Record extracts:
* * * *
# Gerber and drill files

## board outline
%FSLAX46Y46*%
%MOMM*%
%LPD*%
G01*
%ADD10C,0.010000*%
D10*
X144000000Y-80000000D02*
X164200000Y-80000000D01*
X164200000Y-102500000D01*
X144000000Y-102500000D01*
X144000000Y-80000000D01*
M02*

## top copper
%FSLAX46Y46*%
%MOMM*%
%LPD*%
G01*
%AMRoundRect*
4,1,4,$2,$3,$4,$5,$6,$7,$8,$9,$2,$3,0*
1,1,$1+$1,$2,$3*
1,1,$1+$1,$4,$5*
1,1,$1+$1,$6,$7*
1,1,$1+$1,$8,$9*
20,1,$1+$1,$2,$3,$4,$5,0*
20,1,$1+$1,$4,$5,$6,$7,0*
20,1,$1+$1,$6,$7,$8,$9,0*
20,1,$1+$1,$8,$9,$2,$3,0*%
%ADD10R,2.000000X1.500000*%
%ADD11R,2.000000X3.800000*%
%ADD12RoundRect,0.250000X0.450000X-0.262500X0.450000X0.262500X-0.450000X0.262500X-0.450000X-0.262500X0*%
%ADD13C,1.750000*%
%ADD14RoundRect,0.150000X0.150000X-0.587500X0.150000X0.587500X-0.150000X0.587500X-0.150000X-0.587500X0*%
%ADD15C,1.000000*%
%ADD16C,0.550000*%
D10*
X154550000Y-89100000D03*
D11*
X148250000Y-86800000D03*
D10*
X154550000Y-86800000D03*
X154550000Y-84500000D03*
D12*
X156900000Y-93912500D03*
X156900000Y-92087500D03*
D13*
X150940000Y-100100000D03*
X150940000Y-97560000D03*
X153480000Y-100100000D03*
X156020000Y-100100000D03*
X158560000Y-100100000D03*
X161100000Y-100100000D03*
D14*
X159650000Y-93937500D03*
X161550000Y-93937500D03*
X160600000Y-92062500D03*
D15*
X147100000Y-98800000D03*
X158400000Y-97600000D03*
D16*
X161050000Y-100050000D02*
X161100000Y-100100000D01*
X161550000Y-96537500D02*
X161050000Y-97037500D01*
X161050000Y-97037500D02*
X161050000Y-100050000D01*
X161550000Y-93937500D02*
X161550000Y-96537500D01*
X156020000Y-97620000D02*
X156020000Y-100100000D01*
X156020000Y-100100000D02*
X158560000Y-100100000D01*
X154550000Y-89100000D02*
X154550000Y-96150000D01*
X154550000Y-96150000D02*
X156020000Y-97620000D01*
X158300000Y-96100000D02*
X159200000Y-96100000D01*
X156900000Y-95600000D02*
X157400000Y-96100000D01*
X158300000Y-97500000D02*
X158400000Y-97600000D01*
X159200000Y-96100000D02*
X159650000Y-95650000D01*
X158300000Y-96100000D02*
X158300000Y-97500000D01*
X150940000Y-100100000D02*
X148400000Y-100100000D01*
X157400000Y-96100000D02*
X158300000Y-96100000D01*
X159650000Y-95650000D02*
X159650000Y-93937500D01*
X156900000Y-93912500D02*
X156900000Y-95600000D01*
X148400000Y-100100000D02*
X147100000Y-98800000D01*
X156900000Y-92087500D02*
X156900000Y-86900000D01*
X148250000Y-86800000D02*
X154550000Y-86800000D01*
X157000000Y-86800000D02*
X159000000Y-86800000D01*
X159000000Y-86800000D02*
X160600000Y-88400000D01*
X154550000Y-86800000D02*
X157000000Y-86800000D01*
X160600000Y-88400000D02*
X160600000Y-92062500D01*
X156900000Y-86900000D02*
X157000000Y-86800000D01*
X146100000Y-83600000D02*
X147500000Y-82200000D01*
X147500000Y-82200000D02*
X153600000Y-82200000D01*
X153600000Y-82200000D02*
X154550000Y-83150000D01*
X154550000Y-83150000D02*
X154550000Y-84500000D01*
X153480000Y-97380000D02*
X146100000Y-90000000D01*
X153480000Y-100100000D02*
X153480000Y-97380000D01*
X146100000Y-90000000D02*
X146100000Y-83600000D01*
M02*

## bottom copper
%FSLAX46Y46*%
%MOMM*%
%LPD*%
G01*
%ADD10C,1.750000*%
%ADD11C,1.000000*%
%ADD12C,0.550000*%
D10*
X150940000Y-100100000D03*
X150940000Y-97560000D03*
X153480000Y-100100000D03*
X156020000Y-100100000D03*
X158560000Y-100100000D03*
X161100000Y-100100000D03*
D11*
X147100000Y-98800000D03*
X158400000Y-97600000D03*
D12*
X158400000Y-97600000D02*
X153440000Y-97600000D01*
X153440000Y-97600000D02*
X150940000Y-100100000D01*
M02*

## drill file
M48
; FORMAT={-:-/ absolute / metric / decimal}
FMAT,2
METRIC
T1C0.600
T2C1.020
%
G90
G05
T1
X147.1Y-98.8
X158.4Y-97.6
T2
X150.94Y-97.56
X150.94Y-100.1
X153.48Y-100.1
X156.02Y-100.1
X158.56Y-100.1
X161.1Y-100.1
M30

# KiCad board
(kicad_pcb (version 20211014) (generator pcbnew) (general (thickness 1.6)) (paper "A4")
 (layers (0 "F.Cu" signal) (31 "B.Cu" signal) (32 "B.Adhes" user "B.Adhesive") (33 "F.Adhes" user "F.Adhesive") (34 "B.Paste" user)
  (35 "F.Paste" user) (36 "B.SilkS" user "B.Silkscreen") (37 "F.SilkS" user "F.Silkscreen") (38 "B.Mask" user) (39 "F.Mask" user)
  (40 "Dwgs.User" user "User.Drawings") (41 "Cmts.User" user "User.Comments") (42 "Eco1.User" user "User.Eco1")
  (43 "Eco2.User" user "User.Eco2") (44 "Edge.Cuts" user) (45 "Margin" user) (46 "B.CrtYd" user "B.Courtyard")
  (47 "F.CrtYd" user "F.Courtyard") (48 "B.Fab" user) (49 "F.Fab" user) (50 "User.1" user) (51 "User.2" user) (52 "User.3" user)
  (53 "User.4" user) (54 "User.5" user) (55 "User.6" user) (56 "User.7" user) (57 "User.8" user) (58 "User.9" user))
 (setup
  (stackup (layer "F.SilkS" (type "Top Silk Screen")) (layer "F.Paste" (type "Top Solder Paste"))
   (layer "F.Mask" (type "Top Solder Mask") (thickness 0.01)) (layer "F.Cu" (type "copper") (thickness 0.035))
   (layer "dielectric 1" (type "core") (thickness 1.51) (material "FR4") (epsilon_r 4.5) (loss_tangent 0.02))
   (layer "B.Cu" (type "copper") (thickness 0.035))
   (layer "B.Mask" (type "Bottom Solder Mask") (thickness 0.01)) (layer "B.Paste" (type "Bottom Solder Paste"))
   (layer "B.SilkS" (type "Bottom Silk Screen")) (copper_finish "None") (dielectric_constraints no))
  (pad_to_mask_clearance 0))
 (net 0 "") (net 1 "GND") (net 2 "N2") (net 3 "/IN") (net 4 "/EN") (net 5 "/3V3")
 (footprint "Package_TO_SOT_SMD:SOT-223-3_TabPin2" (layer "F.Cu") (at 151.4 86.8 180)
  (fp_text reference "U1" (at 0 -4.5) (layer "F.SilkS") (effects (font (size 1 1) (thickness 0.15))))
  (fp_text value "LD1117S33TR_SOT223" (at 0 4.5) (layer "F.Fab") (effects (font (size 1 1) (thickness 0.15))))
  (pad "1" smd rect (at -3.15 -2.3 180) (size 2 1.5) (layers "F.Cu" "F.Paste" "F.Mask") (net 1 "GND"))
  (pad "2" smd rect (at 3.15 0 180) (size 2 3.8) (layers "F.Cu" "F.Paste" "F.Mask") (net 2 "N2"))
  (pad "2" smd rect (at -3.15 0 180) (size 2 1.5) (layers "F.Cu" "F.Paste" "F.Mask") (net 2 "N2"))
  (pad "3" smd rect (at -3.15 2.3 180) (size 2 1.5) (layers "F.Cu" "F.Paste" "F.Mask") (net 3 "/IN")))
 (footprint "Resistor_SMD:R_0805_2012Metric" (layer "F.Cu") (at 156.9 93 90)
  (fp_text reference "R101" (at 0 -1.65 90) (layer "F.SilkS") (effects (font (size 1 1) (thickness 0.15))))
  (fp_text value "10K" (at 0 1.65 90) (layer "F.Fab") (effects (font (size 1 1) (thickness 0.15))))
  (pad "1" smd roundrect locked (at -0.9125 0 90) (size 1.025 1.4) (layers "F.Cu" "F.Paste" "F.Mask") (roundrect_rratio 0.243902439)
   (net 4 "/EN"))
  (pad "2" smd roundrect locked (at 0.9125 0 90) (size 1.025 1.4) (layers "F.Cu" "F.Paste" "F.Mask") (roundrect_rratio 0.243902439)
   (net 2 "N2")))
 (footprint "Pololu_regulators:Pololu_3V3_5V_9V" (layer "F.Cu") (at 150.94 100.1)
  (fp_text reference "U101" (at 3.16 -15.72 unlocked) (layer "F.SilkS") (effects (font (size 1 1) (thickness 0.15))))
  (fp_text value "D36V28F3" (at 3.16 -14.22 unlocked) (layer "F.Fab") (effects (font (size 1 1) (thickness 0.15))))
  (pad "1" thru_hole circle (at 0 0) (size 1.75 1.75) (drill 1.02) (layers *.Cu *.Mask) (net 4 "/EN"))
  (pad "1" thru_hole circle (at 0 -2.54) (size 1.75 1.75) (drill 1.02) (layers *.Cu *.Mask) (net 4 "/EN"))
  (pad "2" thru_hole circle (at 2.54 0) (size 1.75 1.75) (drill 1.02) (layers *.Cu *.Mask) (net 3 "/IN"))
  (pad "3" thru_hole circle (at 5.08 0) (size 1.75 1.75) (drill 1.02) (layers *.Cu *.Mask) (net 1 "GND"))
  (pad "4" thru_hole circle (at 7.62 0) (size 1.75 1.75) (drill 1.02) (layers *.Cu *.Mask) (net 1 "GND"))
  (pad "5" thru_hole circle (at 10.16 0) (size 1.75 1.75) (drill 1.02) (layers *.Cu *.Mask) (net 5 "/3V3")))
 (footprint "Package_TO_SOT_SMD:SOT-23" (layer "F.Cu") (at 160.6 93 90)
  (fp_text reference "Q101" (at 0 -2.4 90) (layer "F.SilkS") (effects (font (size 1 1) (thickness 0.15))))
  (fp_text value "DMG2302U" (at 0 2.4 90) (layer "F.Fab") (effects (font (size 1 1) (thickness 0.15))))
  (pad "1" smd roundrect locked (at -0.9375 -0.95 90) (size 1.475 0.6) (layers "F.Cu" "F.Paste" "F.Mask") (roundrect_rratio 0.25)
   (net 4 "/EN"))
  (pad "2" smd roundrect locked (at -0.9375 0.95 90) (size 1.475 0.6) (layers "F.Cu" "F.Paste" "F.Mask") (roundrect_rratio 0.25)
   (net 5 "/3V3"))
  (pad "3" smd roundrect locked (at 0.9375 0 90) (size 1.475 0.6) (layers "F.Cu" "F.Paste" "F.Mask") (roundrect_rratio 0.25) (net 2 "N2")))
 (gr_rect (start 144 102.5) (end 164.2 80) (layer "Edge.Cuts") (width 0.01) (fill none))
 (segment (start 161.05 100.05) (end 161.1 100.1) (width 0.55) (layer "F.Cu") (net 5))
 (segment (start 161.55 96.5375) (end 161.05 97.0375) (width 0.55) (layer "F.Cu") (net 5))
 (segment (start 161.05 97.0375) (end 161.05 100.05) (width 0.55) (layer "F.Cu") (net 5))
 (segment (start 161.55 93.9375) (end 161.55 96.5375) (width 0.55) (layer "F.Cu") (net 5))
 (segment (start 156.02 97.62) (end 156.02 100.1) (width 0.55) (layer "F.Cu") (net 1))
 (segment (start 156.02 100.1) (end 158.56 100.1) (width 0.55) (layer "F.Cu") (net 1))
 (segment (start 154.55 89.1) (end 154.55 96.15) (width 0.55) (layer "F.Cu") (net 1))
 (segment (start 154.55 96.15) (end 156.02 97.62) (width 0.55) (layer "F.Cu") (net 1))
 (segment (start 158.3 96.1) (end 159.2 96.1) (width 0.55) (layer "F.Cu") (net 4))
 (segment (start 156.9 95.6) (end 157.4 96.1) (width 0.55) (layer "F.Cu") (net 4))
 (segment (start 158.3 97.5) (end 158.4 97.6) (width 0.55) (layer "F.Cu") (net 4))
 (segment (start 159.2 96.1) (end 159.65 95.65) (width 0.55) (layer "F.Cu") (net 4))
 (segment (start 158.3 96.1) (end 158.3 97.5) (width 0.55) (layer "F.Cu") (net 4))
 (segment (start 150.94 100.1) (end 148.4 100.1) (width 0.55) (layer "F.Cu") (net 4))
 (segment (start 157.4 96.1) (end 158.3 96.1) (width 0.55) (layer "F.Cu") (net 4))
 (segment (start 159.65 95.65) (end 159.65 93.9375) (width 0.55) (layer "F.Cu") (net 4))
 (segment (start 156.9 93.9125) (end 156.9 95.6) (width 0.55) (layer "F.Cu") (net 4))
 (segment (start 148.4 100.1) (end 147.1 98.8) (width 0.55) (layer "F.Cu") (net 4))
 (via (at 147.1 98.8) (size 1) (drill 0.6) (layers "F.Cu" "B.Cu") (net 4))
 (via (at 158.4 97.6) (size 1) (drill 0.6) (layers "F.Cu" "B.Cu") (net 4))
 (segment (start 158.4 97.6) (end 153.44 97.6) (width 0.55) (layer "B.Cu") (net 4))
 (segment (start 153.44 97.6) (end 150.94 100.1) (width 0.55) (layer "B.Cu") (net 4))
 (segment (start 156.9 92.0875) (end 156.9 86.9) (width 0.55) (layer "F.Cu") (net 2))
 (segment (start 148.25 86.8) (end 154.55 86.8) (width 0.55) (layer "F.Cu") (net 2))
 (segment (start 157 86.8) (end 159 86.8) (width 0.55) (layer "F.Cu") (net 2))
 (segment (start 159 86.8) (end 160.6 88.4) (width 0.55) (layer "F.Cu") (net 2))
 (segment (start 154.55 86.8) (end 157 86.8) (width 0.55) (layer "F.Cu") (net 2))
 (segment (start 160.6 88.4) (end 160.6 92.0625) (width 0.55) (layer "F.Cu") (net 2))
 (segment (start 156.9 86.9) (end 157 86.8) (width 0.55) (layer "F.Cu") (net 2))
 (segment (start 146.1 83.6) (end 147.5 82.2) (width 0.55) (layer "F.Cu") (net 3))
 (segment (start 147.5 82.2) (end 153.6 82.2) (width 0.55) (layer "F.Cu") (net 3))
 (segment (start 153.6 82.2) (end 154.55 83.15) (width 0.55) (layer "F.Cu") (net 3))
 (segment (start 154.55 83.15) (end 154.55 84.5) (width 0.55) (layer "F.Cu") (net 3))
 (segment (start 153.48 97.38) (end 146.1 90) (width 0.55) (layer "F.Cu") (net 3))
 (segment (start 153.48 100.1) (end 153.48 97.38) (width 0.55) (layer "F.Cu") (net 3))
 (segment (start 146.1 90) (end 146.1 83.6) (width 0.55) (layer "F.Cu") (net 3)))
* * * *
Your goal: Above are the entries. Output exactly the lines beginning with the line that has "(at 3.16 -15.72" and ending with the line that has "-2.4 90) (layer".

Answer below:
  (fp_text reference "U101" (at 3.16 -15.72 unlocked) (layer "F.SilkS") (effects (font (size 1 1) (thickness 0.15))))
  (fp_text value "D36V28F3" (at 3.16 -14.22 unlocked) (layer "F.Fab") (effects (font (size 1 1) (thickness 0.15))))
  (pad "1" thru_hole circle (at 0 0) (size 1.75 1.75) (drill 1.02) (layers *.Cu *.Mask) (net 4 "/EN"))
  (pad "1" thru_hole circle (at 0 -2.54) (size 1.75 1.75) (drill 1.02) (layers *.Cu *.Mask) (net 4 "/EN"))
  (pad "2" thru_hole circle (at 2.54 0) (size 1.75 1.75) (drill 1.02) (layers *.Cu *.Mask) (net 3 "/IN"))
  (pad "3" thru_hole circle (at 5.08 0) (size 1.75 1.75) (drill 1.02) (layers *.Cu *.Mask) (net 1 "GND"))
  (pad "4" thru_hole circle (at 7.62 0) (size 1.75 1.75) (drill 1.02) (layers *.Cu *.Mask) (net 1 "GND"))
  (pad "5" thru_hole circle (at 10.16 0) (size 1.75 1.75) (drill 1.02) (layers *.Cu *.Mask) (net 5 "/3V3")))
 (footprint "Package_TO_SOT_SMD:SOT-23" (layer "F.Cu") (at 160.6 93 90)
  (fp_text reference "Q101" (at 0 -2.4 90) (layer "F.SilkS") (effects (font (size 1 1) (thickness 0.15))))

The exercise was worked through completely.